Une grande partie de ce magot aurait été blanchi dans l'immobilier de luxe, notamment aux Antilles et au Maroc. Plusieurs biens occupés par le couple ont fait l'objet d'investigations poussées, les montages complexes d'acquisition justifiant le lancement d'une vingtaine de commissions rogatoires internationales. C'est le cas de la célèbre villa «Pamplemousse», à Saint-Martin, acquise via une société écran enregistrée au Liechtenstein et évaluée à plus de 5 millions d'euros. Après des mois d'atermoiements, Isabelle Balkany a fini par reconnaître en garde à vue que l'habitation lui appartenait bien. En revanche, tout comme son époux, elle continue à nier être propriétaire du riad Dar Gyucy, au Maroc, acheté en 2009 plus de 5,8 millions d'euros, dont 2,5 millions en dessous-de-table. Une opération réalisée grâce au savoir faire de l'avocat Arnaud Claude, ancien associé de Nicolas Sarkozy et mis en examen pour «blanchiment de fraude fiscale».
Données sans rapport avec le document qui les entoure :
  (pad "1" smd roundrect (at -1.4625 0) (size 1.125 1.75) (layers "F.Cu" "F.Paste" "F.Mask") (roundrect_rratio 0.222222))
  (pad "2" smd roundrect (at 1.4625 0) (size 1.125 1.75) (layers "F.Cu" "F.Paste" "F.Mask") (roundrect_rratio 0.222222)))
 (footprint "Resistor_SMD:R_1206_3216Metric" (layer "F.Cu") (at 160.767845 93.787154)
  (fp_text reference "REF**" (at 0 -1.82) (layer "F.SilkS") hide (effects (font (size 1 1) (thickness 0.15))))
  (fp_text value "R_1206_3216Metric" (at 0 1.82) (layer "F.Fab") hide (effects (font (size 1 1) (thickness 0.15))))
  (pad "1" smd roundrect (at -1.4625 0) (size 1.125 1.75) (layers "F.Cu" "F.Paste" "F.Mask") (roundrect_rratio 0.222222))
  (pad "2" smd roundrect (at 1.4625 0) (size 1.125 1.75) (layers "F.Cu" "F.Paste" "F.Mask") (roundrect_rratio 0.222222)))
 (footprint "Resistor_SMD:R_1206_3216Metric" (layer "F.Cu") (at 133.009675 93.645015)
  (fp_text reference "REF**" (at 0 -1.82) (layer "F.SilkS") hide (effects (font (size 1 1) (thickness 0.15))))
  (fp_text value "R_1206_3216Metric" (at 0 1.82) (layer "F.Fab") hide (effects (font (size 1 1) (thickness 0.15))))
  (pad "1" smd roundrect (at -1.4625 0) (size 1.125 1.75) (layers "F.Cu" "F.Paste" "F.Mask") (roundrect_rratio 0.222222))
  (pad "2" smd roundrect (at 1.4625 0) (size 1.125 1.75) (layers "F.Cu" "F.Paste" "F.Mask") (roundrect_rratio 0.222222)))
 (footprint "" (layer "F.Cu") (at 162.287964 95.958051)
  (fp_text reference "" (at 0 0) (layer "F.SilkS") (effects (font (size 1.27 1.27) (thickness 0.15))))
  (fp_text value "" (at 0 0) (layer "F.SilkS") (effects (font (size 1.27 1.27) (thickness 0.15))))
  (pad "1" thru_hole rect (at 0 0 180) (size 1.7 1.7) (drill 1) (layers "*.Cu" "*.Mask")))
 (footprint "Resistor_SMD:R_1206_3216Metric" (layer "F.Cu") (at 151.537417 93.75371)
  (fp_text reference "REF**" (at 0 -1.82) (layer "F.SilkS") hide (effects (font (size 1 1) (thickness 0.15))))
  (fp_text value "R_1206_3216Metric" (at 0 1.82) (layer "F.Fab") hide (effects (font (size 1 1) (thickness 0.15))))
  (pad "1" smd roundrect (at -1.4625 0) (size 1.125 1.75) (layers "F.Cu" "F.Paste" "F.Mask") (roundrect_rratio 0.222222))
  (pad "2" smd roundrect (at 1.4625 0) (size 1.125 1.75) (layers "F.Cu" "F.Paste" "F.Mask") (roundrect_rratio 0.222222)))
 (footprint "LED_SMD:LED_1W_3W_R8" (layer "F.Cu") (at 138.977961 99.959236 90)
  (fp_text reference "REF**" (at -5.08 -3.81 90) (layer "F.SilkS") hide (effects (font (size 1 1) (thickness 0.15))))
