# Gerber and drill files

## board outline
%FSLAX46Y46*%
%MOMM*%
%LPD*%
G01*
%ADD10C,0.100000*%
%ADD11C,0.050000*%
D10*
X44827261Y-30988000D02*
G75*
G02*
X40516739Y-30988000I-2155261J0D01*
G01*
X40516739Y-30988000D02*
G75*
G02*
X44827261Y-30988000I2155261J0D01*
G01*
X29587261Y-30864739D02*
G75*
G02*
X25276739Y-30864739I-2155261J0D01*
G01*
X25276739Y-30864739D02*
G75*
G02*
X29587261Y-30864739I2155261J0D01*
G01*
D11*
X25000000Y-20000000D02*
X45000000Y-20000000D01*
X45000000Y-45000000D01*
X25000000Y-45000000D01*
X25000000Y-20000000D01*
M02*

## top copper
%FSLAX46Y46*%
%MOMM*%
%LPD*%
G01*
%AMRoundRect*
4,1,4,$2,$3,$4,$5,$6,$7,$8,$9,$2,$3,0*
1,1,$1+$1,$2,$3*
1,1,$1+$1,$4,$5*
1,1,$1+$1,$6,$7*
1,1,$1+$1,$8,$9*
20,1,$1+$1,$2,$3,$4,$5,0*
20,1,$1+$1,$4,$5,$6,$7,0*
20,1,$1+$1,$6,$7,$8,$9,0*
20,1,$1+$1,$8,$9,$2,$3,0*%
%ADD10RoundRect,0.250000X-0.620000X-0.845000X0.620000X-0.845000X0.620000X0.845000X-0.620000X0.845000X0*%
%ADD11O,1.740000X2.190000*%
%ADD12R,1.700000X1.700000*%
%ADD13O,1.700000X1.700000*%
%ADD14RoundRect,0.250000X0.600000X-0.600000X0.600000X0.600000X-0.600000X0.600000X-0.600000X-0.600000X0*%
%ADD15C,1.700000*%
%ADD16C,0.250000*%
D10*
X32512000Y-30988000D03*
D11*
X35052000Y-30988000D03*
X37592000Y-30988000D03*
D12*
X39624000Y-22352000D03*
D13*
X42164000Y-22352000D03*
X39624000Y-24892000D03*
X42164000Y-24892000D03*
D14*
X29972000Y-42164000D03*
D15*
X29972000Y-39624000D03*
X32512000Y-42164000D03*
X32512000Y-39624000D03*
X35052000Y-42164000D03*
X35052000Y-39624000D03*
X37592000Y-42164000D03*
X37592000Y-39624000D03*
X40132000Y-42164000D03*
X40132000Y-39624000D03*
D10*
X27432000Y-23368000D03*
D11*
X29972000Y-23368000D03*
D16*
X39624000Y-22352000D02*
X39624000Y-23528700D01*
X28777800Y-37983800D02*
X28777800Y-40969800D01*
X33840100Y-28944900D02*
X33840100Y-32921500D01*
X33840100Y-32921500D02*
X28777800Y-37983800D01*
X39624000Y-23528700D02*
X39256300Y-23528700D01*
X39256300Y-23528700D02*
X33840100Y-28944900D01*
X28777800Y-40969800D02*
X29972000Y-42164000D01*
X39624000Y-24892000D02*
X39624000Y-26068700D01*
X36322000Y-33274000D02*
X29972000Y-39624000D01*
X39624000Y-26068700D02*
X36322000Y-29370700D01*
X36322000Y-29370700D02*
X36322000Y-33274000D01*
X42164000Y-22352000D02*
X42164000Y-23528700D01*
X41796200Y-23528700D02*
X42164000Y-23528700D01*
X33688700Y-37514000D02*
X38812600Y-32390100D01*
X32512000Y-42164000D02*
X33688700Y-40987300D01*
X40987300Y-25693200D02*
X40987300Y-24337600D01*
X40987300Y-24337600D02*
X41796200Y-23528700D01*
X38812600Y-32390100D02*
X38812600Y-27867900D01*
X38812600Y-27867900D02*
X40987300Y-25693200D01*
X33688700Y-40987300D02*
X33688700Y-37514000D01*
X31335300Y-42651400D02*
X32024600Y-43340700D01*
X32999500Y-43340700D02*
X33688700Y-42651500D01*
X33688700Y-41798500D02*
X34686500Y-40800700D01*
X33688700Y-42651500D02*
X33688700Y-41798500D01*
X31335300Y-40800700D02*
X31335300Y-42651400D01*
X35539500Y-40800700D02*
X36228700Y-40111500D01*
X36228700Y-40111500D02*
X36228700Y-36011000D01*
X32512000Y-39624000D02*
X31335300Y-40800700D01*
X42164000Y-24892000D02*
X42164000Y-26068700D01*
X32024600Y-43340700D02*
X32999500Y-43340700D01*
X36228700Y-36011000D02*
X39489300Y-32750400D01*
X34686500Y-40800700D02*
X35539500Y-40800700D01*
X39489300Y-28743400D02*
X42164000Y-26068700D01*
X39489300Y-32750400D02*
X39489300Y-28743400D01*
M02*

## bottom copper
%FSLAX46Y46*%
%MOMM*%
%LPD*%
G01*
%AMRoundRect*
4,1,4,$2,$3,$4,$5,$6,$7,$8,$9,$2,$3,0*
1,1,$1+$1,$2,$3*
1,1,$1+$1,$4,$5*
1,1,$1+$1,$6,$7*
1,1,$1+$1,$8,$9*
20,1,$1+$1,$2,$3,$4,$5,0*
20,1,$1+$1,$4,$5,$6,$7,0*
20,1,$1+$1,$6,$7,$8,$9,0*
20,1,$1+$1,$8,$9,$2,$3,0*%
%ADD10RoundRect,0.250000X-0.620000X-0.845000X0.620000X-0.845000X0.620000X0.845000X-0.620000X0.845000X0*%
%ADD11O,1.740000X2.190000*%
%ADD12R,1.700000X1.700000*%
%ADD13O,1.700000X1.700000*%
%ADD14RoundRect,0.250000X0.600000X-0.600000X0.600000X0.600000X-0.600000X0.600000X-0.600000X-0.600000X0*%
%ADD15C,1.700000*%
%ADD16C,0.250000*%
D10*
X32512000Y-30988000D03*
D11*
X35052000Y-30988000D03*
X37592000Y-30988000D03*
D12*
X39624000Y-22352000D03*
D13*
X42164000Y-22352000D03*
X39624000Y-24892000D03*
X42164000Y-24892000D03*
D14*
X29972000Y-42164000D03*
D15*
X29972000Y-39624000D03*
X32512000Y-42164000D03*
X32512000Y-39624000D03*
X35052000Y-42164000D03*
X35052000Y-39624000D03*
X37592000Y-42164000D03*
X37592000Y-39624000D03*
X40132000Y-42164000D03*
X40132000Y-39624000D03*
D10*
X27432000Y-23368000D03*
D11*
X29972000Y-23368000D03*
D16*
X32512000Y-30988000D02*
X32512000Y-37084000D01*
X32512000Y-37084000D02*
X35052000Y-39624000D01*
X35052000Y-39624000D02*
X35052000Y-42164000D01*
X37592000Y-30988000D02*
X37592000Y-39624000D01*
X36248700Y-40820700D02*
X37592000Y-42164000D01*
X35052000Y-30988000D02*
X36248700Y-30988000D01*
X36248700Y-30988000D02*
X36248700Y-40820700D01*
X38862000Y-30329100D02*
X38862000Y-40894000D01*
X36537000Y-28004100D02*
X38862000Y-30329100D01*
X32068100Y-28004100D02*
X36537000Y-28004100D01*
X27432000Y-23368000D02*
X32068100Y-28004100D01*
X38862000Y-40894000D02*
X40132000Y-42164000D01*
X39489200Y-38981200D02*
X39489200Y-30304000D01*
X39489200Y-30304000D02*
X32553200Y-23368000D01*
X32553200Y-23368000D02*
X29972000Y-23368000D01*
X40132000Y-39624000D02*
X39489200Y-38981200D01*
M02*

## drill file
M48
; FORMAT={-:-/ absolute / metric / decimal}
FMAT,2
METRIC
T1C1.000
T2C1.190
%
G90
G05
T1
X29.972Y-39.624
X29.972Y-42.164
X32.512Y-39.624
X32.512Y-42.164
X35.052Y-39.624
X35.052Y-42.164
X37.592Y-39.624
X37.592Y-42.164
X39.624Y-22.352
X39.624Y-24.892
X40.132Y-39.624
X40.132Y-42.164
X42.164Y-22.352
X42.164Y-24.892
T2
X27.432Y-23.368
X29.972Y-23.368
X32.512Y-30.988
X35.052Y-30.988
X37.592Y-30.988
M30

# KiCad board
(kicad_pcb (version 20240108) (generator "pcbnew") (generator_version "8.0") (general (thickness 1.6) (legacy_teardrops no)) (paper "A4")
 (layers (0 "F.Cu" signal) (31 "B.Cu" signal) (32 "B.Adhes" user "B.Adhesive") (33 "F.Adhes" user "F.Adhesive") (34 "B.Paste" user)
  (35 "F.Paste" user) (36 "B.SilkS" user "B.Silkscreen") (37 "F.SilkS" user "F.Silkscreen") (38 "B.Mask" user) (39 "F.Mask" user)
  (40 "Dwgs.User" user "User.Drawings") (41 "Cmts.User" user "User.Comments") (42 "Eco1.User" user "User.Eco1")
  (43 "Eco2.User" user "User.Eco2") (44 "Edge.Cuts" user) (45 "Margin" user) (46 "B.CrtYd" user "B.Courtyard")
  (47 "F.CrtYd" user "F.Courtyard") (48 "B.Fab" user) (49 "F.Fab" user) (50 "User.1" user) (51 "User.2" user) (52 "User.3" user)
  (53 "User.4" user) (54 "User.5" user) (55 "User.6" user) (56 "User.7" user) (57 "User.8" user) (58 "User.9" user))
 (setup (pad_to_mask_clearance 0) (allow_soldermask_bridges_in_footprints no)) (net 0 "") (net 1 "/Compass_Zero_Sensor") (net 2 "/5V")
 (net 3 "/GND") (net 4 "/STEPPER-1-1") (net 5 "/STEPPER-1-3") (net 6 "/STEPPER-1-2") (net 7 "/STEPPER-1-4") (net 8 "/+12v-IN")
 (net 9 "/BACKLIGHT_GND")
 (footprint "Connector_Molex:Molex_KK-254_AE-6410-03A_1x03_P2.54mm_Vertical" (layer "F.Cu") (at 32.512 30.988)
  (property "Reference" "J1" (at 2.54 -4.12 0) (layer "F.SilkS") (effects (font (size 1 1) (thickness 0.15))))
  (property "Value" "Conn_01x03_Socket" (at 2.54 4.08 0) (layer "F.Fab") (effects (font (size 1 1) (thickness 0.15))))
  (pad "1" thru_hole roundrect (at 0 0) (size 1.74 2.19) (drill 1.19) (layers "*.Cu" "*.Mask") (remove_unused_layers no)
   (roundrect_rratio 0.143678) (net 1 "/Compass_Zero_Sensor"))
  (pad "2" thru_hole oval (at 2.54 0) (size 1.74 2.19) (drill 1.19) (layers "*.Cu" "*.Mask") (remove_unused_layers no) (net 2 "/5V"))
  (pad "3" thru_hole oval (at 5.08 0) (size 1.74 2.19) (drill 1.19) (layers "*.Cu" "*.Mask") (remove_unused_layers no) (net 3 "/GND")))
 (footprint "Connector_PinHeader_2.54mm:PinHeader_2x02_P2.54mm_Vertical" (layer "F.Cu") (at 39.624 22.352)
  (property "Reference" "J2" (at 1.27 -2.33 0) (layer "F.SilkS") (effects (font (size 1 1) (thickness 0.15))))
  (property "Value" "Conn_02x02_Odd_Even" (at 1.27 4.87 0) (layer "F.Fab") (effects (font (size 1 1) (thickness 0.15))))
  (pad "1" thru_hole rect (at 0 0) (size 1.7 1.7) (drill 1) (layers "*.Cu" "*.Mask") (remove_unused_layers no) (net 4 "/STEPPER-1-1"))
  (pad "2" thru_hole oval (at 2.54 0) (size 1.7 1.7) (drill 1) (layers "*.Cu" "*.Mask") (remove_unused_layers no) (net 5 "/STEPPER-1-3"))
  (pad "3" thru_hole oval (at 0 2.54) (size 1.7 1.7) (drill 1) (layers "*.Cu" "*.Mask") (remove_unused_layers no) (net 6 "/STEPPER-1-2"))
  (pad "4" thru_hole oval (at 2.54 2.54) (size 1.7 1.7) (drill 1) (layers "*.Cu" "*.Mask") (remove_unused_layers no) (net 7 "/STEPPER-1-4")))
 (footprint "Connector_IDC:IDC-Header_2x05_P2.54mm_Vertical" (layer "F.Cu") (at 29.972 42.164 90)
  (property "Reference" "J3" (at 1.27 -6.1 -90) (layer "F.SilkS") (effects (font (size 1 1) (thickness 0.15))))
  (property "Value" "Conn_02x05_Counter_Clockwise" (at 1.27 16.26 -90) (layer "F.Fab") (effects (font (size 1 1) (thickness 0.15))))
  (pad "1" thru_hole roundrect (at 0 0 90) (size 1.7 1.7) (drill 1) (layers "*.Cu" "*.Mask") (remove_unused_layers no)
   (roundrect_rratio 0.147059) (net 4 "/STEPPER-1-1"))
  (pad "2" thru_hole circle (at 2.54 0 90) (size 1.7 1.7) (drill 1) (layers "*.Cu" "*.Mask") (remove_unused_layers no)
   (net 6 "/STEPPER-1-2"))
  (pad "3" thru_hole circle (at 0 2.54 90) (size 1.7 1.7) (drill 1) (layers "*.Cu" "*.Mask") (remove_unused_layers no)
   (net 5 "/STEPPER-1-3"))
  (pad "4" thru_hole circle (at 2.54 2.54 90) (size 1.7 1.7) (drill 1) (layers "*.Cu" "*.Mask") (remove_unused_layers no)
   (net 7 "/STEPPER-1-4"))
  (pad "5" thru_hole circle (at 0 5.08 90) (size 1.7 1.7) (drill 1) (layers "*.Cu" "*.Mask") (remove_unused_layers no)
   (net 1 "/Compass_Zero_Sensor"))
  (pad "6" thru_hole circle (at 2.54 5.08 90) (size 1.7 1.7) (drill 1) (layers "*.Cu" "*.Mask") (remove_unused_layers no)
   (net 1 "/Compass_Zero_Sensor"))
  (pad "7" thru_hole circle (at 0 7.62 90) (size 1.7 1.7) (drill 1) (layers "*.Cu" "*.Mask") (remove_unused_layers no) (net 2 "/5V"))
  (pad "8" thru_hole circle (at 2.54 7.62 90) (size 1.7 1.7) (drill 1) (layers "*.Cu" "*.Mask") (remove_unused_layers no) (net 3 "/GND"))
  (pad "9" thru_hole circle (at 0 10.16 90) (size 1.7 1.7) (drill 1) (layers "*.Cu" "*.Mask") (remove_unused_layers no) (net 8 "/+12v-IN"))
  (pad "10" thru_hole circle (at 2.54 10.16 90) (size 1.7 1.7) (drill 1) (layers "*.Cu" "*.Mask") (remove_unused_layers no)
   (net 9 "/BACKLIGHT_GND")))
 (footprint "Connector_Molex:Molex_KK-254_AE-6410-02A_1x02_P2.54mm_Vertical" (layer "F.Cu") (at 27.432 23.368)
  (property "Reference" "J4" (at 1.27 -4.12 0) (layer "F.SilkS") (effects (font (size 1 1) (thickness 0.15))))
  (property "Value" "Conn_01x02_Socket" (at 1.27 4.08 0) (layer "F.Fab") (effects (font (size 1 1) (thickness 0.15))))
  (pad "1" thru_hole roundrect (at 0 0) (size 1.74 2.19) (drill 1.19) (layers "*.Cu" "*.Mask") (remove_unused_layers no)
   (roundrect_rratio 0.143678) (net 8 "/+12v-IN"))
  (pad "2" thru_hole oval (at 2.54 0) (size 1.74 2.19) (drill 1.19) (layers "*.Cu" "*.Mask") (remove_unused_layers no)
   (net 9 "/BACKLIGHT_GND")))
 (gr_circle (center 42.672 30.988) (end 44.196 32.512) (stroke (width 0.1) (type default)) (fill none) (layer "Edge.Cuts"))
 (gr_circle (center 27.432 30.864739) (end 28.956 32.388739) (stroke (width 0.1) (type default)) (fill none) (layer "Edge.Cuts"))
 (gr_rect (start 25 20) (end 45 45) (stroke (width 0.05) (type default)) (fill none) (layer "Edge.Cuts"))
 (segment (start 39.624 22.352) (end 39.624 23.5287) (width 0.25) (layer "F.Cu") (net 4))
 (segment (start 28.7778 37.9838) (end 28.7778 40.9698) (width 0.25) (layer "F.Cu") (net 4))
 (segment (start 33.8401 28.9449) (end 33.8401 32.9215) (width 0.25) (layer "F.Cu") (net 4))
 (segment (start 33.8401 32.9215) (end 28.7778 37.9838) (width 0.25) (layer "F.Cu") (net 4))
 (segment (start 39.624 23.5287) (end 39.2563 23.5287) (width 0.25) (layer "F.Cu") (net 4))
 (segment (start 39.2563 23.5287) (end 33.8401 28.9449) (width 0.25) (layer "F.Cu") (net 4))
 (segment (start 28.7778 40.9698) (end 29.972 42.164) (width 0.25) (layer "F.Cu") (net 4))
 (segment (start 39.624 24.892) (end 39.624 26.0687) (width 0.25) (layer "F.Cu") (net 6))
 (segment (start 36.322 33.274) (end 29.972 39.624) (width 0.25) (layer "F.Cu") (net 6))
 (segment (start 39.624 26.0687) (end 36.322 29.3707) (width 0.25) (layer "F.Cu") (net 6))
 (segment (start 36.322 29.3707) (end 36.322 33.274) (width 0.25) (layer "F.Cu") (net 6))
 (segment (start 42.164 22.352) (end 42.164 23.5287) (width 0.25) (layer "F.Cu") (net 5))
Pour prouver leur bonne foi, les époux sont allés jusqu'à transmettre à la justice des contrats de location fournis par leurs fils Alexandre. Des contrats «fictifs», selon les magistrats, uniquement destinés à «dissimuler à l'administration fiscale ce bien immobilier et d'échapper ainsi à l'impôt de solidarité sur la fortune». Concernant enfin leur manoir de Giverny, dans l'Eure, les époux n'en ont déclaré que l'usufruit, estimé à 148 000 euros, alors que la propriété de 4 hectares est évaluée à plus de quatre millions d'euros, et aurait donc dû être soumise, elle aussi, à l'impôt sur la fortune.

Train de vie

Reste désormais à établir un calendrier judiciaire. Dans le volet «blanchiment», le Parquet national financier (PNF) avait déjà pris ses réquisitions en juillet 2017, réclamant le renvoi en correctionnelle du couple pour «blanchiment de fraude fiscale aggravée», «corruption passive» et «prise illégale d'intérêt». Mais de nouveaux éléments d'enquête ont obligé les magistrats à rouvrir l'instruction in extremis. Selon nos informations, il s'agit d'une commission rogatoire en Afrique, que les juges n'attendaient plus. Un document qui ne devrait toutefois pas changer grand-chose au fond. Dans son dernier réquisitoire, le PNF avait souligné la «distorsion» entre les revenus déclarés des époux et leur train de vie, insistant sur «l'accroissement de leur patrimoine corrélativement à leur carrière politique». Un patrimoine acquis «pour l'essentiel grâce aux fonctions publiques exercées par Patrick Balkany», précisait le parquet. La fraude fiscale et son blanchiment étant connexes, la justice pourrait décider de joindre les deux procédures. Il n'y aurait alors qu'un seul et même procès pour l'ensemble des faits visés.